DATA FOR REVIEW Block Start

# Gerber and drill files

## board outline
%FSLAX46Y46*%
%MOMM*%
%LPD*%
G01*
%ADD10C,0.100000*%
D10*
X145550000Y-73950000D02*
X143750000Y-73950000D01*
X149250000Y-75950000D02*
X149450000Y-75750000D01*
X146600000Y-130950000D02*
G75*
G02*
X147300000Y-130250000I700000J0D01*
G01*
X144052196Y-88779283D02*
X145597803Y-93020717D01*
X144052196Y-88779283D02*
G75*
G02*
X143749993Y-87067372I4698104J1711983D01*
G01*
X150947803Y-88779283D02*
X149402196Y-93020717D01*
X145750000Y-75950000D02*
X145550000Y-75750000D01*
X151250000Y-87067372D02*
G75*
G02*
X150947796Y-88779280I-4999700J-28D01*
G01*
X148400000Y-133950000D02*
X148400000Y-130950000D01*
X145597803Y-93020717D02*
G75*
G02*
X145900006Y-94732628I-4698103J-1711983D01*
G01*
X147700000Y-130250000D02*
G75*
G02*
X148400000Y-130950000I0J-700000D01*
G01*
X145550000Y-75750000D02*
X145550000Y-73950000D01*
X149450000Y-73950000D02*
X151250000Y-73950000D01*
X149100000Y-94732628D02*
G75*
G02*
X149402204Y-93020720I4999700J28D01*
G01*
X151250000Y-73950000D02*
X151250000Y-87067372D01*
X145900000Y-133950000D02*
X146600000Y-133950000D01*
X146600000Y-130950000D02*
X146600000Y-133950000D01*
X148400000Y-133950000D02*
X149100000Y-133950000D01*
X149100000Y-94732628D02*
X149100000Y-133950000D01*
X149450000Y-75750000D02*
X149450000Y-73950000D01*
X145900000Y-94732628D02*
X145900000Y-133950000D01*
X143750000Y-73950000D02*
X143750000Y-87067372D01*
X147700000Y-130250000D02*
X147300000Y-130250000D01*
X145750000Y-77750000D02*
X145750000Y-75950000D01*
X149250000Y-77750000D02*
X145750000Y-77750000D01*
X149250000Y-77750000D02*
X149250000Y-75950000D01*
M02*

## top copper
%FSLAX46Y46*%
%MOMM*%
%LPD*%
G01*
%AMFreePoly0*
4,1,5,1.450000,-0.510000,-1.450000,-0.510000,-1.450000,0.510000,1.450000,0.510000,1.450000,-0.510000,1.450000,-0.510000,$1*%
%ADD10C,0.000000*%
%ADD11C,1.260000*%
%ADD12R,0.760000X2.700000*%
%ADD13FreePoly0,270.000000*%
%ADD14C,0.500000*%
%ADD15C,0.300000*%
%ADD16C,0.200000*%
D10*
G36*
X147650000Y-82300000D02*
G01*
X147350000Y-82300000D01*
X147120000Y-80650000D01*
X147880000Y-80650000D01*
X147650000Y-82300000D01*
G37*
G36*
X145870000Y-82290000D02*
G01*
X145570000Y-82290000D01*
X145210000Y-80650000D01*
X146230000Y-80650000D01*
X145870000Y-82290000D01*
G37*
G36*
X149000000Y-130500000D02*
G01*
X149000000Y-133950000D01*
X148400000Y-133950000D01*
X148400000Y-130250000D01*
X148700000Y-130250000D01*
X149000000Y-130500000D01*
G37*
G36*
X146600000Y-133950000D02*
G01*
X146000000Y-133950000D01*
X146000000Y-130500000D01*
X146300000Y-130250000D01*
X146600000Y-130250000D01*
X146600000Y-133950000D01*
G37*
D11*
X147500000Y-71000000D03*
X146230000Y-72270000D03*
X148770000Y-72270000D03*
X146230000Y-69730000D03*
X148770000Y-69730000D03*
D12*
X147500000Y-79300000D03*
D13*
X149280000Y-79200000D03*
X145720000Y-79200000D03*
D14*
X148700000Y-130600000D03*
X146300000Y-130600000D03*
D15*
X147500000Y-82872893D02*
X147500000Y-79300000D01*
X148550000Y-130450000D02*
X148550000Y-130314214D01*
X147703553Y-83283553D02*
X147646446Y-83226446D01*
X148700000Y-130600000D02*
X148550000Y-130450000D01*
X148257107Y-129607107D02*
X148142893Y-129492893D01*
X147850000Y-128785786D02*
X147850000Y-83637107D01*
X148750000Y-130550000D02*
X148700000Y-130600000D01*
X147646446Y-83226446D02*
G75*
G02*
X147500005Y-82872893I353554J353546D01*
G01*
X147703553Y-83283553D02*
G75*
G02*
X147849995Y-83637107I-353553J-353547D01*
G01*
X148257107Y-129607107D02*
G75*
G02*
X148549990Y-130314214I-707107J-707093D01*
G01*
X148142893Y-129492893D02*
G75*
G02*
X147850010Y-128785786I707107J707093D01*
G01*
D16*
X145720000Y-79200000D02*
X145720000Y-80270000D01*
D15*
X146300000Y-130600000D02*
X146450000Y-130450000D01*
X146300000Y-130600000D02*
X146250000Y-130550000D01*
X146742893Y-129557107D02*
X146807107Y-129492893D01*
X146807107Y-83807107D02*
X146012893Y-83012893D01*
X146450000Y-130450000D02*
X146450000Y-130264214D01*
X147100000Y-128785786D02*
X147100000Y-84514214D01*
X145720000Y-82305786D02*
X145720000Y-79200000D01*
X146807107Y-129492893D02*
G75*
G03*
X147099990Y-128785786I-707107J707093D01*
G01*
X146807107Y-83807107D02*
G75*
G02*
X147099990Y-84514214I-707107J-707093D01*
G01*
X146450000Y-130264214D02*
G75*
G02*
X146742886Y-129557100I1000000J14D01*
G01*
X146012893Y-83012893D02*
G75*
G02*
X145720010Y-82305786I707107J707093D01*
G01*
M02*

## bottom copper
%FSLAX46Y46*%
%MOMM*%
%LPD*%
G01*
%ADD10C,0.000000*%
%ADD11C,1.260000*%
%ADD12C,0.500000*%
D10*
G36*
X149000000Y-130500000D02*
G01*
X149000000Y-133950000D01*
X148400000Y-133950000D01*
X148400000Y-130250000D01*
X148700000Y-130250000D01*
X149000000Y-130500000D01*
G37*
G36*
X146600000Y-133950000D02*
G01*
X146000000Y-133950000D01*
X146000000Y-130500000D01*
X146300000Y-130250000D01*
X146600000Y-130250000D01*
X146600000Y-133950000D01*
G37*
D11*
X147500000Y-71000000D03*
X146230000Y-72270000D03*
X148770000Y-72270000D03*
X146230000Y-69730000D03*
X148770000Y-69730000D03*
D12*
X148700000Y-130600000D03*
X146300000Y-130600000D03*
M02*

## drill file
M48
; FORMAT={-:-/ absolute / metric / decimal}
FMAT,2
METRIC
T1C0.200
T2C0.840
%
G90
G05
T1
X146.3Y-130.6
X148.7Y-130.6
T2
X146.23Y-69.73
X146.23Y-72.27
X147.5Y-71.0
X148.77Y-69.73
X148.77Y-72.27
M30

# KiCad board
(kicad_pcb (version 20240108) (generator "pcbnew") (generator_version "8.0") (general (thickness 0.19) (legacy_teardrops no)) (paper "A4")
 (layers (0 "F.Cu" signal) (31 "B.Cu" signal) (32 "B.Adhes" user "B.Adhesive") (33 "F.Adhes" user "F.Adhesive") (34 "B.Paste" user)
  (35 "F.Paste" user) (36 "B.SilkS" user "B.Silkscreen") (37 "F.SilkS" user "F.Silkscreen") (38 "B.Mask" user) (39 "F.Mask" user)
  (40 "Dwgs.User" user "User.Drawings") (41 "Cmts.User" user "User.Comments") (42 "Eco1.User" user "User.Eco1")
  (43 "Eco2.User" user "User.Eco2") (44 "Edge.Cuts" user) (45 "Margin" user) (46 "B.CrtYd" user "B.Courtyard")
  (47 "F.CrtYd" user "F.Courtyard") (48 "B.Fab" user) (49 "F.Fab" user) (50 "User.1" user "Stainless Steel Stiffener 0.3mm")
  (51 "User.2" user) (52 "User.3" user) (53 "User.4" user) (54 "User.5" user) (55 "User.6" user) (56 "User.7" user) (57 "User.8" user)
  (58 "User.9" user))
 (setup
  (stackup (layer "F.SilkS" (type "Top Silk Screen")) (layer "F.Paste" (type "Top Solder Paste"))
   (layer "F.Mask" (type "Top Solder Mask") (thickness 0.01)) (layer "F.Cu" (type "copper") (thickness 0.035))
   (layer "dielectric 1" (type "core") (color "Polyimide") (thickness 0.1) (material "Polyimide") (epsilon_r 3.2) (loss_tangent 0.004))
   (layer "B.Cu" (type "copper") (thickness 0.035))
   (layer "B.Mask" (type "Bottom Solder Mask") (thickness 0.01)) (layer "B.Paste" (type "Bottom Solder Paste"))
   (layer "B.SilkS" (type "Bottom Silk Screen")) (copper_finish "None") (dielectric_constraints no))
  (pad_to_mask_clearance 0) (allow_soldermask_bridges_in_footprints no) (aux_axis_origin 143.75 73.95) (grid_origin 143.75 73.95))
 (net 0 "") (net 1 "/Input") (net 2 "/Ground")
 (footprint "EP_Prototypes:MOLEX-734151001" (layer "F.Cu") (at 147.5 71 90)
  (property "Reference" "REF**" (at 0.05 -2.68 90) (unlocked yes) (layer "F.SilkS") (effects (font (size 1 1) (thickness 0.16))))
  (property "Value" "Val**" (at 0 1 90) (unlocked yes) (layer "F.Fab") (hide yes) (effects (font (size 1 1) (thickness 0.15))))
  (pad "1" thru_hole circle (at 0 0 90) (size 1.26 1.26) (drill 0.84) (layers "*.Cu" "*.Mask") (remove_unused_layers no))
  (pad "2" thru_hole circle (at -1.27 -1.27 90) (size 1.26 1.26) (drill 0.84) (layers "*.Cu" "*.Mask") (remove_unused_layers no))
  (pad "2" thru_hole circle (at -1.27 1.27 90) (size 1.26 1.26) (drill 0.84) (layers "*.Cu" "*.Mask") (remove_unused_layers no))
  (pad "2" thru_hole circle (at 1.27 -1.27 90) (size 1.26 1.26) (drill 0.84) (layers "*.Cu" "*.Mask") (remove_unused_layers no))
  (pad "2" thru_hole circle (at 1.27 1.27 90) (size 1.26 1.26) (drill 0.84) (layers "*.Cu" "*.Mask") (remove_unused_layers no)))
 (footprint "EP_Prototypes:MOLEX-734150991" (layer "F.Cu") (at 147.5 77.76 -90)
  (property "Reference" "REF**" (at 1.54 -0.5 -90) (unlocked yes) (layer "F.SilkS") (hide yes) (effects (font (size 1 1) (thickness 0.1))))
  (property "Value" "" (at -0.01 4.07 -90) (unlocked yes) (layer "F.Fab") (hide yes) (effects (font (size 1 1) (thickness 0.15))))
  (fp_line (start -0.01 1.75) (end -1.81 1.75) (stroke (width 0.1) (type default)) (layer "Edge.Cuts"))
  (fp_line (start -0.01 -1.75) (end -0.01 1.75) (stroke (width 0.1) (type default)) (layer "Edge.Cuts"))
  (fp_line (start -0.01 -1.75) (end -1.81 -1.75) (stroke (width 0.1) (type default)) (layer "Edge.Cuts"))
  (pad "1" smd rect (at 1.54 0 270) (size 2.7 0.76) (layers "F.Cu" "F.Paste" "F.Mask") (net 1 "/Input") (thermal_bridge_angle 45))
  (pad "2" smd custom (at 1.44 -1.78 270) (size 2.9 1.02) (layers "F.Cu" "F.Paste" "F.Mask") (thermal_bridge_angle 45)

DATA FOR REVIEW Block End

- PROBLEM DETAILS
What is wanted is every line from the first line of the entries through the line that contains "X143750000Y-73950000D02*", given again exactly.

- RESULT
# Gerber and drill files

## board outline
%FSLAX46Y46*%
%MOMM*%
%LPD*%
G01*
%ADD10C,0.100000*%
D10*
X145550000Y-73950000D02*
X143750000Y-73950000D01*
X149250000Y-75950000D02*
X149450000Y-75750000D01*
X146600000Y-130950000D02*
G75*
G02*
X147300000Y-130250000I700000J0D01*
G01*
X144052196Y-88779283D02*
X145597803Y-93020717D01*
X144052196Y-88779283D02*
G75*
G02*
X143749993Y-87067372I4698104J1711983D01*
G01*
X150947803Y-88779283D02*
X149402196Y-93020717D01*
X145750000Y-75950000D02*
X145550000Y-75750000D01*
X151250000Y-87067372D02*
G75*
G02*
X150947796Y-88779280I-4999700J-28D01*
G01*
X148400000Y-133950000D02*
X148400000Y-130950000D01*
X145597803Y-93020717D02*
G75*
G02*
X145900006Y-94732628I-4698103J-1711983D01*
G01*
X147700000Y-130250000D02*
G75*
G02*
X148400000Y-130950000I0J-700000D01*
G01*
X145550000Y-75750000D02*
X145550000Y-73950000D01*
X149450000Y-73950000D02*
X151250000Y-73950000D01*
X149100000Y-94732628D02*
G75*
G02*
X149402204Y-93020720I4999700J28D01*
G01*
X151250000Y-73950000D02*
X151250000Y-87067372D01*
X145900000Y-133950000D02*
X146600000Y-133950000D01*
X146600000Y-130950000D02*
X146600000Y-133950000D01*
X148400000Y-133950000D02*
X149100000Y-133950000D01*
X149100000Y-94732628D02*
X149100000Y-133950000D01*
X149450000Y-75750000D02*
X149450000Y-73950000D01*
X145900000Y-94732628D02*
X145900000Y-133950000D01*
X143750000Y-73950000D02*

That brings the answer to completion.